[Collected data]
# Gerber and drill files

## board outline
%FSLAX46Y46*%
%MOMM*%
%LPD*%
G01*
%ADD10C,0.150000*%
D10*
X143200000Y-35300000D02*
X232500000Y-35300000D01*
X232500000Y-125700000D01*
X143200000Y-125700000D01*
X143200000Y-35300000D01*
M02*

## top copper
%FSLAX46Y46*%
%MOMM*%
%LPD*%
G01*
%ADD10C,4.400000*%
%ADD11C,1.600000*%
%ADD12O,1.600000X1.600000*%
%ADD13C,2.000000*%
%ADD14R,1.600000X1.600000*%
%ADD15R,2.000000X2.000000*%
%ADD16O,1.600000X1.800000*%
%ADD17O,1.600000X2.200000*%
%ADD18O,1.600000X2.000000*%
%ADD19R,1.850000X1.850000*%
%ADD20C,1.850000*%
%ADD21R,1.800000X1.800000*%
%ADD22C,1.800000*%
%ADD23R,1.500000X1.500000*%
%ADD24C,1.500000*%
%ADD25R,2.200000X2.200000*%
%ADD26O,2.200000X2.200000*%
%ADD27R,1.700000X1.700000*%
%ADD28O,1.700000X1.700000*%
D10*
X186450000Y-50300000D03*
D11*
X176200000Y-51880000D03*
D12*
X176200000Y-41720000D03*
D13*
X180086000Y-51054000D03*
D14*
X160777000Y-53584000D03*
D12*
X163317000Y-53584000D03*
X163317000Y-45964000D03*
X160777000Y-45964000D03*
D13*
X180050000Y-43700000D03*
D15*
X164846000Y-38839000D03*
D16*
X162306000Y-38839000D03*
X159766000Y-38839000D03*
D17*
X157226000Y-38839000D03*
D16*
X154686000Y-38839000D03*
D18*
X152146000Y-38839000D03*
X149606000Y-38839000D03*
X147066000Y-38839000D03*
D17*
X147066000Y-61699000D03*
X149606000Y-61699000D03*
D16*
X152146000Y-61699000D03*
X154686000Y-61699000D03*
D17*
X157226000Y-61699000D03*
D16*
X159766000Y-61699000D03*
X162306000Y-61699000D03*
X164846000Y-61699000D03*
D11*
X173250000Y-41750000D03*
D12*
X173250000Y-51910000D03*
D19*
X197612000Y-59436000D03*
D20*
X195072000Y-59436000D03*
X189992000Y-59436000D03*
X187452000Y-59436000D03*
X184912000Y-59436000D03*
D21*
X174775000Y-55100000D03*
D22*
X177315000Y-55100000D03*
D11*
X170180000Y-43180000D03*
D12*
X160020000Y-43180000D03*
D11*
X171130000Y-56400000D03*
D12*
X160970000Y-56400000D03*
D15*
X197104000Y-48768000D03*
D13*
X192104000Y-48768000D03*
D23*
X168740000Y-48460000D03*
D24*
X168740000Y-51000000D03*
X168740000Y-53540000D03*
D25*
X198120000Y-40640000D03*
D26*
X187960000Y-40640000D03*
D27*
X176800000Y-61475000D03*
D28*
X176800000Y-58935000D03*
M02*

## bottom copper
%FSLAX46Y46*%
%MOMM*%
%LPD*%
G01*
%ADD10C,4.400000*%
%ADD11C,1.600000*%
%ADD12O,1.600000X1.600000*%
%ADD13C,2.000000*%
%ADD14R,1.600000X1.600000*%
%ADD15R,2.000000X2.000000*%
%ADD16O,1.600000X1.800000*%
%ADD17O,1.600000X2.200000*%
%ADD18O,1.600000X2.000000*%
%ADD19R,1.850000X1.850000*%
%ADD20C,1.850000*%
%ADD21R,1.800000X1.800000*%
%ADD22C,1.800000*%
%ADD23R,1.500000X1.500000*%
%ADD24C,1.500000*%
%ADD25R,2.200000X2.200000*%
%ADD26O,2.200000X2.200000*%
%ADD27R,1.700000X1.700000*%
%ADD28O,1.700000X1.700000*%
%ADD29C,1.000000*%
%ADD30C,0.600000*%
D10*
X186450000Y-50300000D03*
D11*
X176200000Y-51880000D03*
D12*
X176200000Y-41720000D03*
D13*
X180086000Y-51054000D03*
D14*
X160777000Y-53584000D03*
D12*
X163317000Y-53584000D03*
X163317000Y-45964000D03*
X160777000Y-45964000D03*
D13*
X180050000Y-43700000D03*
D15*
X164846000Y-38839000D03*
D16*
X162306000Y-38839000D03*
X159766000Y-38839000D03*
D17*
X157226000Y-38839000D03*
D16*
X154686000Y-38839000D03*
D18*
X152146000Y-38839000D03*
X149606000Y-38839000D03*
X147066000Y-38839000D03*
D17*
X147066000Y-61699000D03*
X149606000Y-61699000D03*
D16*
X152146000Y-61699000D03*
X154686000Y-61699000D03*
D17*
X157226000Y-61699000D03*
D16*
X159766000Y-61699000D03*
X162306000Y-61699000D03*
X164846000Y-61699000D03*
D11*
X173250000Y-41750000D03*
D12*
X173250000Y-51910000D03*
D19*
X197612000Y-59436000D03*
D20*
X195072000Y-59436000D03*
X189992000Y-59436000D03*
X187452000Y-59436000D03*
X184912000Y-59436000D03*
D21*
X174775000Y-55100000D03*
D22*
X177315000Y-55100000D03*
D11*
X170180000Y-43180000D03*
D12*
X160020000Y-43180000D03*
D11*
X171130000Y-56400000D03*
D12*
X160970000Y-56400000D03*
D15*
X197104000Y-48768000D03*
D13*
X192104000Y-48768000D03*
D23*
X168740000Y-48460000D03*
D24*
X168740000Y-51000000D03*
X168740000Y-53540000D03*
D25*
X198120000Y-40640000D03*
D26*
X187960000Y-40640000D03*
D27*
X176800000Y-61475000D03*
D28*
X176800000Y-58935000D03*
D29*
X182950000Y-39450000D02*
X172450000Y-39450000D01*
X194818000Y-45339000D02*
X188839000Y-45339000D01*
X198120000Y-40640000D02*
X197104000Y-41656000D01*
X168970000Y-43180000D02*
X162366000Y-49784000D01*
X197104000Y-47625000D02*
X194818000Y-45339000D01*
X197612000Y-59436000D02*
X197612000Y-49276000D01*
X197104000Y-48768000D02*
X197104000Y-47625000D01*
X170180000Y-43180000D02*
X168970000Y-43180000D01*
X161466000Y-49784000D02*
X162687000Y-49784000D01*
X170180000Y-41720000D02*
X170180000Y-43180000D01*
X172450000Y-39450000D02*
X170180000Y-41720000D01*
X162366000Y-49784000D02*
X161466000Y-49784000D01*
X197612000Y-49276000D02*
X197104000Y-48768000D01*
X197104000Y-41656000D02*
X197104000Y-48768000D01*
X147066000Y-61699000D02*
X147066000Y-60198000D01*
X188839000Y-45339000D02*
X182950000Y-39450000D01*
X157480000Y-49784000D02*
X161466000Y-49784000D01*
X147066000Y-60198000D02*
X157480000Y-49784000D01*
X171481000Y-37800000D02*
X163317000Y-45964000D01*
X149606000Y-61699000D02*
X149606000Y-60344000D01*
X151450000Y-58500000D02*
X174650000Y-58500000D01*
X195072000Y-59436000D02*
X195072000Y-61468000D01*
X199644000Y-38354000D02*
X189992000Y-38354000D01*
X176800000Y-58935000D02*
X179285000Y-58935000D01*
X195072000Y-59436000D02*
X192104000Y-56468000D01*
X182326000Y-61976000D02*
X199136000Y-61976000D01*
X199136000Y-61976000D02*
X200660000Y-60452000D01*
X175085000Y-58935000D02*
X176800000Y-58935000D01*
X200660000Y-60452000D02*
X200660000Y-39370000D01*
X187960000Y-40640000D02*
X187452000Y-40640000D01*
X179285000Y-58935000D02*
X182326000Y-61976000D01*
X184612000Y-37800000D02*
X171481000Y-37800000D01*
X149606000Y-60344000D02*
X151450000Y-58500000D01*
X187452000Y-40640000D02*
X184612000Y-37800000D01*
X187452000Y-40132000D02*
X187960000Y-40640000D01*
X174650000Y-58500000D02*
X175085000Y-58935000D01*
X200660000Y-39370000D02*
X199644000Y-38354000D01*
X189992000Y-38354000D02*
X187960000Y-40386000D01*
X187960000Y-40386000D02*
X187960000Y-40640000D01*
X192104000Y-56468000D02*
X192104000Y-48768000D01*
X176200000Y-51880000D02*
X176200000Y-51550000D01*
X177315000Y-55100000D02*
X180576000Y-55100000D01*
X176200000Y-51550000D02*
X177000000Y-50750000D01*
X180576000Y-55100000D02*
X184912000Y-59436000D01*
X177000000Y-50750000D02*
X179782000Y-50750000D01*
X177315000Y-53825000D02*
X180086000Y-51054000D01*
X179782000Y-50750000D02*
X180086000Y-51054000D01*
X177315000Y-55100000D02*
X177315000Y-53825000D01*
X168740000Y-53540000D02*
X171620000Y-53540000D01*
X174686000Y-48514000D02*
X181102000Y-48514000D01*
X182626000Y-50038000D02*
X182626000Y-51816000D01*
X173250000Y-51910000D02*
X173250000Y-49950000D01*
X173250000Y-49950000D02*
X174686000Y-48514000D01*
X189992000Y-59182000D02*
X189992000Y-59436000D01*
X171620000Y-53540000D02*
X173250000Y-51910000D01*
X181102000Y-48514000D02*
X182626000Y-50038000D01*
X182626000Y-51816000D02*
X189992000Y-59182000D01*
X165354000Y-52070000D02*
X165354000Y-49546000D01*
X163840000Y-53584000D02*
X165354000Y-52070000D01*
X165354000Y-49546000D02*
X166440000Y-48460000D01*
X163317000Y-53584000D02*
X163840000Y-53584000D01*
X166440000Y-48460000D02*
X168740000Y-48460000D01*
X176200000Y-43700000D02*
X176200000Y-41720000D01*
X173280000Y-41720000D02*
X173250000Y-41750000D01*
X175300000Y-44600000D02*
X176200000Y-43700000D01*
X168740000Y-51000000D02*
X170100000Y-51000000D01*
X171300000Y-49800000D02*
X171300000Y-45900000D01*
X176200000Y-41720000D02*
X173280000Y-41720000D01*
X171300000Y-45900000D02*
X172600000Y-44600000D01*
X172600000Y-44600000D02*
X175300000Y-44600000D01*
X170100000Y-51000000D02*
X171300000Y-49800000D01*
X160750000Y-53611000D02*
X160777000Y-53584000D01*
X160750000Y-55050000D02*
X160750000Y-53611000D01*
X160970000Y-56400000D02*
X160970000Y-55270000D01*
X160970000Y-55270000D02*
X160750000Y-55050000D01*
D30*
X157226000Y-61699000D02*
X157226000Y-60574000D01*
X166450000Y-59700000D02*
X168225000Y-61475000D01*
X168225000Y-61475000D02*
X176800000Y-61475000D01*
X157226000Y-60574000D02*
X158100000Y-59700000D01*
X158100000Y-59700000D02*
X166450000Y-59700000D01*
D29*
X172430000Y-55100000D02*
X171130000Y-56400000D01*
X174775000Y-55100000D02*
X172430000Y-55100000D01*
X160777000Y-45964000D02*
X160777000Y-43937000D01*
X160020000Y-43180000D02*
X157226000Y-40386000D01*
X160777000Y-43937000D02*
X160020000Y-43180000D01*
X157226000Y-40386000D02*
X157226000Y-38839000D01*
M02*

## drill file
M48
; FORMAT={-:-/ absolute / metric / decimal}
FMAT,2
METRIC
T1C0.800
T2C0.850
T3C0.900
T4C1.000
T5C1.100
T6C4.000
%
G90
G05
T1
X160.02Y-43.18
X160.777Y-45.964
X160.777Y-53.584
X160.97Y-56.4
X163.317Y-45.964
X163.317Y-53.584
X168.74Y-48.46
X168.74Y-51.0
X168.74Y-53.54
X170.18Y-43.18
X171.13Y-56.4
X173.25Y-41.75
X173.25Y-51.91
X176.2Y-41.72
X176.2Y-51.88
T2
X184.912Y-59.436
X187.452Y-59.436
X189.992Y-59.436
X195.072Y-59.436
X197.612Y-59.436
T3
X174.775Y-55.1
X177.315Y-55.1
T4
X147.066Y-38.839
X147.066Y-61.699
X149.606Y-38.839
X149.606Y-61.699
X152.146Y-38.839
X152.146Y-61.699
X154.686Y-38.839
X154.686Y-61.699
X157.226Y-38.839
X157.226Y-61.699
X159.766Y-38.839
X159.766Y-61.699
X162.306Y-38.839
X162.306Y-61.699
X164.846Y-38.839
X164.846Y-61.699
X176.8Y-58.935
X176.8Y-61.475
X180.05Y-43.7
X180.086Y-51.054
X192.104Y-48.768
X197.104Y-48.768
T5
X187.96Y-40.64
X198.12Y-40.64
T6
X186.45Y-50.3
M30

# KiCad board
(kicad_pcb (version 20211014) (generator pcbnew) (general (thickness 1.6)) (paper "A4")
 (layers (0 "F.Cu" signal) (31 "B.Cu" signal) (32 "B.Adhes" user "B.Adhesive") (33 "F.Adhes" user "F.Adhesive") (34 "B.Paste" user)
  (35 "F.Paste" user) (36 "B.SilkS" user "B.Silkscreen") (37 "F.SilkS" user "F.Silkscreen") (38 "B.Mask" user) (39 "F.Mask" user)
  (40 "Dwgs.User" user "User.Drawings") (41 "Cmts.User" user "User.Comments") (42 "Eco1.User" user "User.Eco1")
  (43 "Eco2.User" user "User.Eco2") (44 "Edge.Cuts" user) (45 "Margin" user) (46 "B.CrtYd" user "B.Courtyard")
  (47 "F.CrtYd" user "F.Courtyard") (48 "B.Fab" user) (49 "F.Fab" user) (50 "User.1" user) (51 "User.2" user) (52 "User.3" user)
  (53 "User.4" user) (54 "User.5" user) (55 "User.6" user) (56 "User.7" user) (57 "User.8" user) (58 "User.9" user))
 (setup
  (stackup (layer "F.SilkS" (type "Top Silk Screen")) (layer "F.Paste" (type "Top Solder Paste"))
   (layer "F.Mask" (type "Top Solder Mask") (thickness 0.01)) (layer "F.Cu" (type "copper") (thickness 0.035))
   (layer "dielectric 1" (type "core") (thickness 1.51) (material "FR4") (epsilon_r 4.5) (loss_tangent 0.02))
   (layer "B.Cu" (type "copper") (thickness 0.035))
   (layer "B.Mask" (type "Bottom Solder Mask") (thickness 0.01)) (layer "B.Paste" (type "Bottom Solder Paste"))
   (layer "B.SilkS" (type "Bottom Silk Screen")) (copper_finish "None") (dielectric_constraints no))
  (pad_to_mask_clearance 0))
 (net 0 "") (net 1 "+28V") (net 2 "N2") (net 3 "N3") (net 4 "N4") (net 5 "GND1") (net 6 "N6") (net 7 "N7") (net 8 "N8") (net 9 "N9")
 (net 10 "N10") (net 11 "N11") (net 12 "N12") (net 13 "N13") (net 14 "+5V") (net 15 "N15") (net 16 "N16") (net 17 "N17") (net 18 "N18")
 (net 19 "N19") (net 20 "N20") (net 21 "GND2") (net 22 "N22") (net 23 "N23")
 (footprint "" (layer "F.Cu") (at 186.45 50.3)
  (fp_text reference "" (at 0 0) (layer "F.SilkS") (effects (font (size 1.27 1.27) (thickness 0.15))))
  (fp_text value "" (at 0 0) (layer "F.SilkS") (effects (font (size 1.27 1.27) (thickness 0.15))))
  (pad "1" thru_hole circle (at 0 0) (size 4.4 4.4) (drill 4) (layers *.Cu *.Mask)))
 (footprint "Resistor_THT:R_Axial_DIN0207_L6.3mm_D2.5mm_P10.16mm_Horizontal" (layer "F.Cu") (at 176.2 51.88 90)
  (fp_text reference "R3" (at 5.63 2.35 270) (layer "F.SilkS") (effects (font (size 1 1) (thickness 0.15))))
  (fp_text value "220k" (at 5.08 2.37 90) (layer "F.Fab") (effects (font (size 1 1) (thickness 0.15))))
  (pad "1" thru_hole circle (at 0 0 90) (size 1.6 1.6) (drill 0.8) (layers *.Cu *.Mask) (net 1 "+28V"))
  (pad "2" thru_hole oval (at 10.16 0 90) (size 1.6 1.6) (drill 0.8) (layers *.Cu *.Mask) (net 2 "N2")))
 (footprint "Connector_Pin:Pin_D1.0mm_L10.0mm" (layer "F.Cu") (at 180.086 51.054)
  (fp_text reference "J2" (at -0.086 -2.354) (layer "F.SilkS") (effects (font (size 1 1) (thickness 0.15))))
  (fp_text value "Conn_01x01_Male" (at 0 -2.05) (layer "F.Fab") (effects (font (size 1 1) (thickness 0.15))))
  (pad "1" thru_hole circle (at 0 0) (size 2 2) (drill 1) (layers *.Cu *.Mask) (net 1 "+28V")))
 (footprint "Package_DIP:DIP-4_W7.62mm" (layer "F.Cu") (at 160.777 53.584 90)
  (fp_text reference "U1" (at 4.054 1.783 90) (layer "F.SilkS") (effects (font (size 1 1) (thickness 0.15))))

WHAT YOU SHOULD DO: Please copy, exactly and with nothing else, the lines above beginning at the line that has "X170100000Y-51000000D02*" and ending with the line that has "absolute / metric".

EXERCISE ANSWER:
X170100000Y-51000000D02*
X171300000Y-49800000D01*
X160750000Y-53611000D02*
X160777000Y-53584000D01*
X160750000Y-55050000D02*
X160750000Y-53611000D01*
X160970000Y-56400000D02*
X160970000Y-55270000D01*
X160970000Y-55270000D02*
X160750000Y-55050000D01*
D30*
X157226000Y-61699000D02*
X157226000Y-60574000D01*
X166450000Y-59700000D02*
X168225000Y-61475000D01*
X168225000Y-61475000D02*
X176800000Y-61475000D01*
X157226000Y-60574000D02*
X158100000Y-59700000D01*
X158100000Y-59700000D02*
X166450000Y-59700000D01*
D29*
X172430000Y-55100000D02*
X171130000Y-56400000D01*
X174775000Y-55100000D02*
X172430000Y-55100000D01*
X160777000Y-45964000D02*
X160777000Y-43937000D01*
X160020000Y-43180000D02*
X157226000Y-40386000D01*
X160777000Y-43937000D02*
X160020000Y-43180000D01*
X157226000Y-40386000D02*
X157226000Y-38839000D01*
M02*

## drill file
M48
; FORMAT={-:-/ absolute / metric / decimal}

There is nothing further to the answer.